WHAT YOU ARE ASKED TO DO: Which lines of the entries below run from the one holding "X91.948Y-76.2" to the one holding "(44 Edge.Cuts user)", inclusive? Set down exactly those lines and no others.

━━━ GIVEN INFORMATION ━━━

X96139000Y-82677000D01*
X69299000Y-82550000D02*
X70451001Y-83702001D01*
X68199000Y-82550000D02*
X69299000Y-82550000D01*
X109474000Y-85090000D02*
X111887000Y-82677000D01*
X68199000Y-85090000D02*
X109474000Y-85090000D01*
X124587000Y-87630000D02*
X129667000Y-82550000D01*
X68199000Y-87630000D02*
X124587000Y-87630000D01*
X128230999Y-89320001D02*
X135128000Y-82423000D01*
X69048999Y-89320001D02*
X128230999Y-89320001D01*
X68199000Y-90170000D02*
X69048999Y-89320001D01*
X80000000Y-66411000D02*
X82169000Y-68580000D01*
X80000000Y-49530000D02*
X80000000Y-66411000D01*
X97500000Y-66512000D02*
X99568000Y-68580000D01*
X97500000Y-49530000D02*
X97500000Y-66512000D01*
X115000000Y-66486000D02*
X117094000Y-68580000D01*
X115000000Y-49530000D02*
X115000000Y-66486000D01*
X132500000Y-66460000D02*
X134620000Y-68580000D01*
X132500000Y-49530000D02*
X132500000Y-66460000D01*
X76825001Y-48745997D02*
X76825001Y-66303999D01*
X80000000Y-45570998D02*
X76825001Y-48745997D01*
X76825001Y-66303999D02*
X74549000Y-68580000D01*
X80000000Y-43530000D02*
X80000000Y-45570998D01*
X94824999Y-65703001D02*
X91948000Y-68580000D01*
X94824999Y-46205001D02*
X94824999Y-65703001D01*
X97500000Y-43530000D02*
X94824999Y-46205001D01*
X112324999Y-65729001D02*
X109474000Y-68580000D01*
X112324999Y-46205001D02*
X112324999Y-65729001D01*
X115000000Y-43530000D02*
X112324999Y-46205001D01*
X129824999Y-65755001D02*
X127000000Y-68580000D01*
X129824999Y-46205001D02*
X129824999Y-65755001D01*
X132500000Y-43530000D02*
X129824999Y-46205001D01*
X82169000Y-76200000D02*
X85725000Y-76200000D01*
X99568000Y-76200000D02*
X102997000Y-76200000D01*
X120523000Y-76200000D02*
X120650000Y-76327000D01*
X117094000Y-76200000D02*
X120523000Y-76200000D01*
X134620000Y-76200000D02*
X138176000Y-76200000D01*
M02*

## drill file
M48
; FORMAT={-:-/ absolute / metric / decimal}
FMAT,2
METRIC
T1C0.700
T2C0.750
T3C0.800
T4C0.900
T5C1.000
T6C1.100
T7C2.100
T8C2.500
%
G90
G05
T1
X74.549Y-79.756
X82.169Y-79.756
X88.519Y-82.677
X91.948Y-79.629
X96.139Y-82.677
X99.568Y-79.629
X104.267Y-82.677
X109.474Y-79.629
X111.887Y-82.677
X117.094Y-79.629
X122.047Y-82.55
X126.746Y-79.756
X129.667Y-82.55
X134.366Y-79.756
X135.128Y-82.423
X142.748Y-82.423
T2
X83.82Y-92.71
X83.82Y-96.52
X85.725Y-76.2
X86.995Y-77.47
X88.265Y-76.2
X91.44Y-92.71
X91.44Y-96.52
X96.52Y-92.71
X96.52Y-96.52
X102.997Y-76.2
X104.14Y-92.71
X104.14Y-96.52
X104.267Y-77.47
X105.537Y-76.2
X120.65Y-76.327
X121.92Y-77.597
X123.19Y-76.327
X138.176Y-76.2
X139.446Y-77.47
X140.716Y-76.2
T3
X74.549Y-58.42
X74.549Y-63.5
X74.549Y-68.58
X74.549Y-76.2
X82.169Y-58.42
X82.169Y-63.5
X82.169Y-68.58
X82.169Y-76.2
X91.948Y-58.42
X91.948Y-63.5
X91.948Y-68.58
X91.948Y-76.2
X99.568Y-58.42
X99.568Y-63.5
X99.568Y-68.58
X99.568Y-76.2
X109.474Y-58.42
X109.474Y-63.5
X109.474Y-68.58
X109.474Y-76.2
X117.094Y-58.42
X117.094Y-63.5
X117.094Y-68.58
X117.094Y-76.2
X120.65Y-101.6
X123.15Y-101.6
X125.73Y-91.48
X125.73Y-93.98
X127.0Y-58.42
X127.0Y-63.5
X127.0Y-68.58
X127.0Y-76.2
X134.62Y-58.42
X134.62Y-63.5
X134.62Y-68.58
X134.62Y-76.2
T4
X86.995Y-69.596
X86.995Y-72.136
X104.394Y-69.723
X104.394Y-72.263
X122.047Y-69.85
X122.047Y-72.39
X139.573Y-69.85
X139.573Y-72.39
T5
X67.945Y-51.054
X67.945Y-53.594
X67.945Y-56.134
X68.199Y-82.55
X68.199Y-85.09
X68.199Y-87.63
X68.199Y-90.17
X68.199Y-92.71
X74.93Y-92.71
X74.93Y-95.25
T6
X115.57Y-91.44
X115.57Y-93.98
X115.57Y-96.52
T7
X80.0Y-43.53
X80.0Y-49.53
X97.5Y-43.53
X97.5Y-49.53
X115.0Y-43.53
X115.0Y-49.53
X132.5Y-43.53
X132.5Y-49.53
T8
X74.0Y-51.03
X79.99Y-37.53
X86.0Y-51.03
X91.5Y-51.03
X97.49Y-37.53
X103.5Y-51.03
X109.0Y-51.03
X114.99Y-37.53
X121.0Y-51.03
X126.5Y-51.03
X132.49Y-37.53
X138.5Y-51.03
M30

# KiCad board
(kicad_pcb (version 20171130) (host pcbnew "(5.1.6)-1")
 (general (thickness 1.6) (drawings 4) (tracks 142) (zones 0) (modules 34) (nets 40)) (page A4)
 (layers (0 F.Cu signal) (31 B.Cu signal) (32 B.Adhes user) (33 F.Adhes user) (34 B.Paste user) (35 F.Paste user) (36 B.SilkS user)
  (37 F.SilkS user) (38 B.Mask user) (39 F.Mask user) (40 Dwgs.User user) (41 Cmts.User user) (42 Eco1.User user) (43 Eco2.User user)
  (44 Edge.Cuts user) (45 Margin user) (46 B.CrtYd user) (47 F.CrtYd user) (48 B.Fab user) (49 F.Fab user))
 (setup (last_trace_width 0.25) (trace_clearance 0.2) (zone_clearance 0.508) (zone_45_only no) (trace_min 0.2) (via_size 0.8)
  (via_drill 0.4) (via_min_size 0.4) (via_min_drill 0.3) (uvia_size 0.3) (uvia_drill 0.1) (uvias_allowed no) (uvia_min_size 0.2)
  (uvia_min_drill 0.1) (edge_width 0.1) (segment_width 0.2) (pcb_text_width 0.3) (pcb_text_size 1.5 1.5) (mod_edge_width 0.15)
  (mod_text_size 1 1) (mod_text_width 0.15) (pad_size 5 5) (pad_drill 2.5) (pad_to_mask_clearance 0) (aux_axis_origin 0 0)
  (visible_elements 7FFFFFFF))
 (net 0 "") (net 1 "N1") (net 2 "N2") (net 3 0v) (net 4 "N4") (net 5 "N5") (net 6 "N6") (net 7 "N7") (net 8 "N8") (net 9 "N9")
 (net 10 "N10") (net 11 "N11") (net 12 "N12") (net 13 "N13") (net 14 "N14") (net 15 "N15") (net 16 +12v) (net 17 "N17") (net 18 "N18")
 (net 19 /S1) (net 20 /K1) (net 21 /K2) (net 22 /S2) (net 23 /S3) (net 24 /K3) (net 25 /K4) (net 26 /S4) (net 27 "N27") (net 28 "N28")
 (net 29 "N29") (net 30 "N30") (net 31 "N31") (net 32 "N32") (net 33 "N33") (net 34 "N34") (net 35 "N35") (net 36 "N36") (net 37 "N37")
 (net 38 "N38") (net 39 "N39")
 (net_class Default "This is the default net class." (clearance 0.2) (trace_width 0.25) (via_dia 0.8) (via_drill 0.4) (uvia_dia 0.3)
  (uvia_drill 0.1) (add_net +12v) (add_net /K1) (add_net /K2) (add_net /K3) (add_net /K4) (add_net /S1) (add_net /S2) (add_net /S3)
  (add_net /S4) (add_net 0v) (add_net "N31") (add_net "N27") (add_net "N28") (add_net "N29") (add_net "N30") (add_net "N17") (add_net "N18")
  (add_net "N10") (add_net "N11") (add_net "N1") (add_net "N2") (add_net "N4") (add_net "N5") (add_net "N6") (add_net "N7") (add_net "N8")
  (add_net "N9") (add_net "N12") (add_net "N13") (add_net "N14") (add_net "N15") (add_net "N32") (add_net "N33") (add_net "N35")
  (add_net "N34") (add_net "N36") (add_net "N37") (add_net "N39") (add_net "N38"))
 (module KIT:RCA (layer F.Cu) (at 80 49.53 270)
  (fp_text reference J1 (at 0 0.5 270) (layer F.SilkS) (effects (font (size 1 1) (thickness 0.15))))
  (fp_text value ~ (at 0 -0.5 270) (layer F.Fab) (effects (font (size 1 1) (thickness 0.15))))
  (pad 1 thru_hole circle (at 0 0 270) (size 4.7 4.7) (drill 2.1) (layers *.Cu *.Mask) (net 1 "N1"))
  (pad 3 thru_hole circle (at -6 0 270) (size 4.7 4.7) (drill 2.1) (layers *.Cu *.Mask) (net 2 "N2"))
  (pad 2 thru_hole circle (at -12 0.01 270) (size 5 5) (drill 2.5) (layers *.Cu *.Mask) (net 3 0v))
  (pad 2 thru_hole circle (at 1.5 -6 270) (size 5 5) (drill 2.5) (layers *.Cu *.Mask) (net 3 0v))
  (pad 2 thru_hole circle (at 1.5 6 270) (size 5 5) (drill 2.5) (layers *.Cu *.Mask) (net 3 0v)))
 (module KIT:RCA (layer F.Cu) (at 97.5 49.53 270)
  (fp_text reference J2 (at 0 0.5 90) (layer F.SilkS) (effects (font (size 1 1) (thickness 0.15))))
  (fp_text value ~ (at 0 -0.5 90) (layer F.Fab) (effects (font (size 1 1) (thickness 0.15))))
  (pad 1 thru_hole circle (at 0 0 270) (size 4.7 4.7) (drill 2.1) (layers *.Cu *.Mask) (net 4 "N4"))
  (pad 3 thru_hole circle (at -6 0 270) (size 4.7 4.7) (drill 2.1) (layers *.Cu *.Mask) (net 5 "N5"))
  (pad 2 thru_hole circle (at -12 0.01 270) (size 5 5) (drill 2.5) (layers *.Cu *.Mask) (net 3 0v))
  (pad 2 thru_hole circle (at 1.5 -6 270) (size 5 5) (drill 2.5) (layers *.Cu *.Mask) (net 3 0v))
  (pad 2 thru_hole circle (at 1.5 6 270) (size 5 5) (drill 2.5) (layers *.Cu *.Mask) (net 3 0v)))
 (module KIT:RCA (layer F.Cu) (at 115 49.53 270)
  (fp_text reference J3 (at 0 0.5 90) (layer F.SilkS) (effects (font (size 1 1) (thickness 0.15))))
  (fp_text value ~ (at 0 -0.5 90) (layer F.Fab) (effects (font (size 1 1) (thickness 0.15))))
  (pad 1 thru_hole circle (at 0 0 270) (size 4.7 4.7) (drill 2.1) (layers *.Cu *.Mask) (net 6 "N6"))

━━━

YOUR RESPONSE:
X91.948Y-76.2
X99.568Y-58.42
X99.568Y-63.5
X99.568Y-68.58
X99.568Y-76.2
X109.474Y-58.42
X109.474Y-63.5
X109.474Y-68.58
X109.474Y-76.2
X117.094Y-58.42
X117.094Y-63.5
X117.094Y-68.58
X117.094Y-76.2
X120.65Y-101.6
X123.15Y-101.6
X125.73Y-91.48
X125.73Y-93.98
X127.0Y-58.42
X127.0Y-63.5
X127.0Y-68.58
X127.0Y-76.2
X134.62Y-58.42
X134.62Y-63.5
X134.62Y-68.58
X134.62Y-76.2
T4
X86.995Y-69.596
X86.995Y-72.136
X104.394Y-69.723
X104.394Y-72.263
X122.047Y-69.85
X122.047Y-72.39
X139.573Y-69.85
X139.573Y-72.39
T5
X67.945Y-51.054
X67.945Y-53.594
X67.945Y-56.134
X68.199Y-82.55
X68.199Y-85.09
X68.199Y-87.63
X68.199Y-90.17
X68.199Y-92.71
X74.93Y-92.71
X74.93Y-95.25
T6
X115.57Y-91.44
X115.57Y-93.98
X115.57Y-96.52
T7
X80.0Y-43.53
X80.0Y-49.53
X97.5Y-43.53
X97.5Y-49.53
X115.0Y-43.53
X115.0Y-49.53
X132.5Y-43.53
X132.5Y-49.53
T8
X74.0Y-51.03
X79.99Y-37.53
X86.0Y-51.03
X91.5Y-51.03
X97.49Y-37.53
X103.5Y-51.03
X109.0Y-51.03
X114.99Y-37.53
X121.0Y-51.03
X126.5Y-51.03
X132.49Y-37.53
X138.5Y-51.03
M30

# KiCad board
(kicad_pcb (version 20171130) (host pcbnew "(5.1.6)-1")
 (general (thickness 1.6) (drawings 4) (tracks 142) (zones 0) (modules 34) (nets 40)) (page A4)
 (layers (0 F.Cu signal) (31 B.Cu signal) (32 B.Adhes user) (33 F.Adhes user) (34 B.Paste user) (35 F.Paste user) (36 B.SilkS user)
  (37 F.SilkS user) (38 B.Mask user) (39 F.Mask user) (40 Dwgs.User user) (41 Cmts.User user) (42 Eco1.User user) (43 Eco2.User user)
  (44 Edge.Cuts user) (45 Margin user) (46 B.CrtYd user) (47 F.CrtYd user) (48 B.Fab user) (49 F.Fab user))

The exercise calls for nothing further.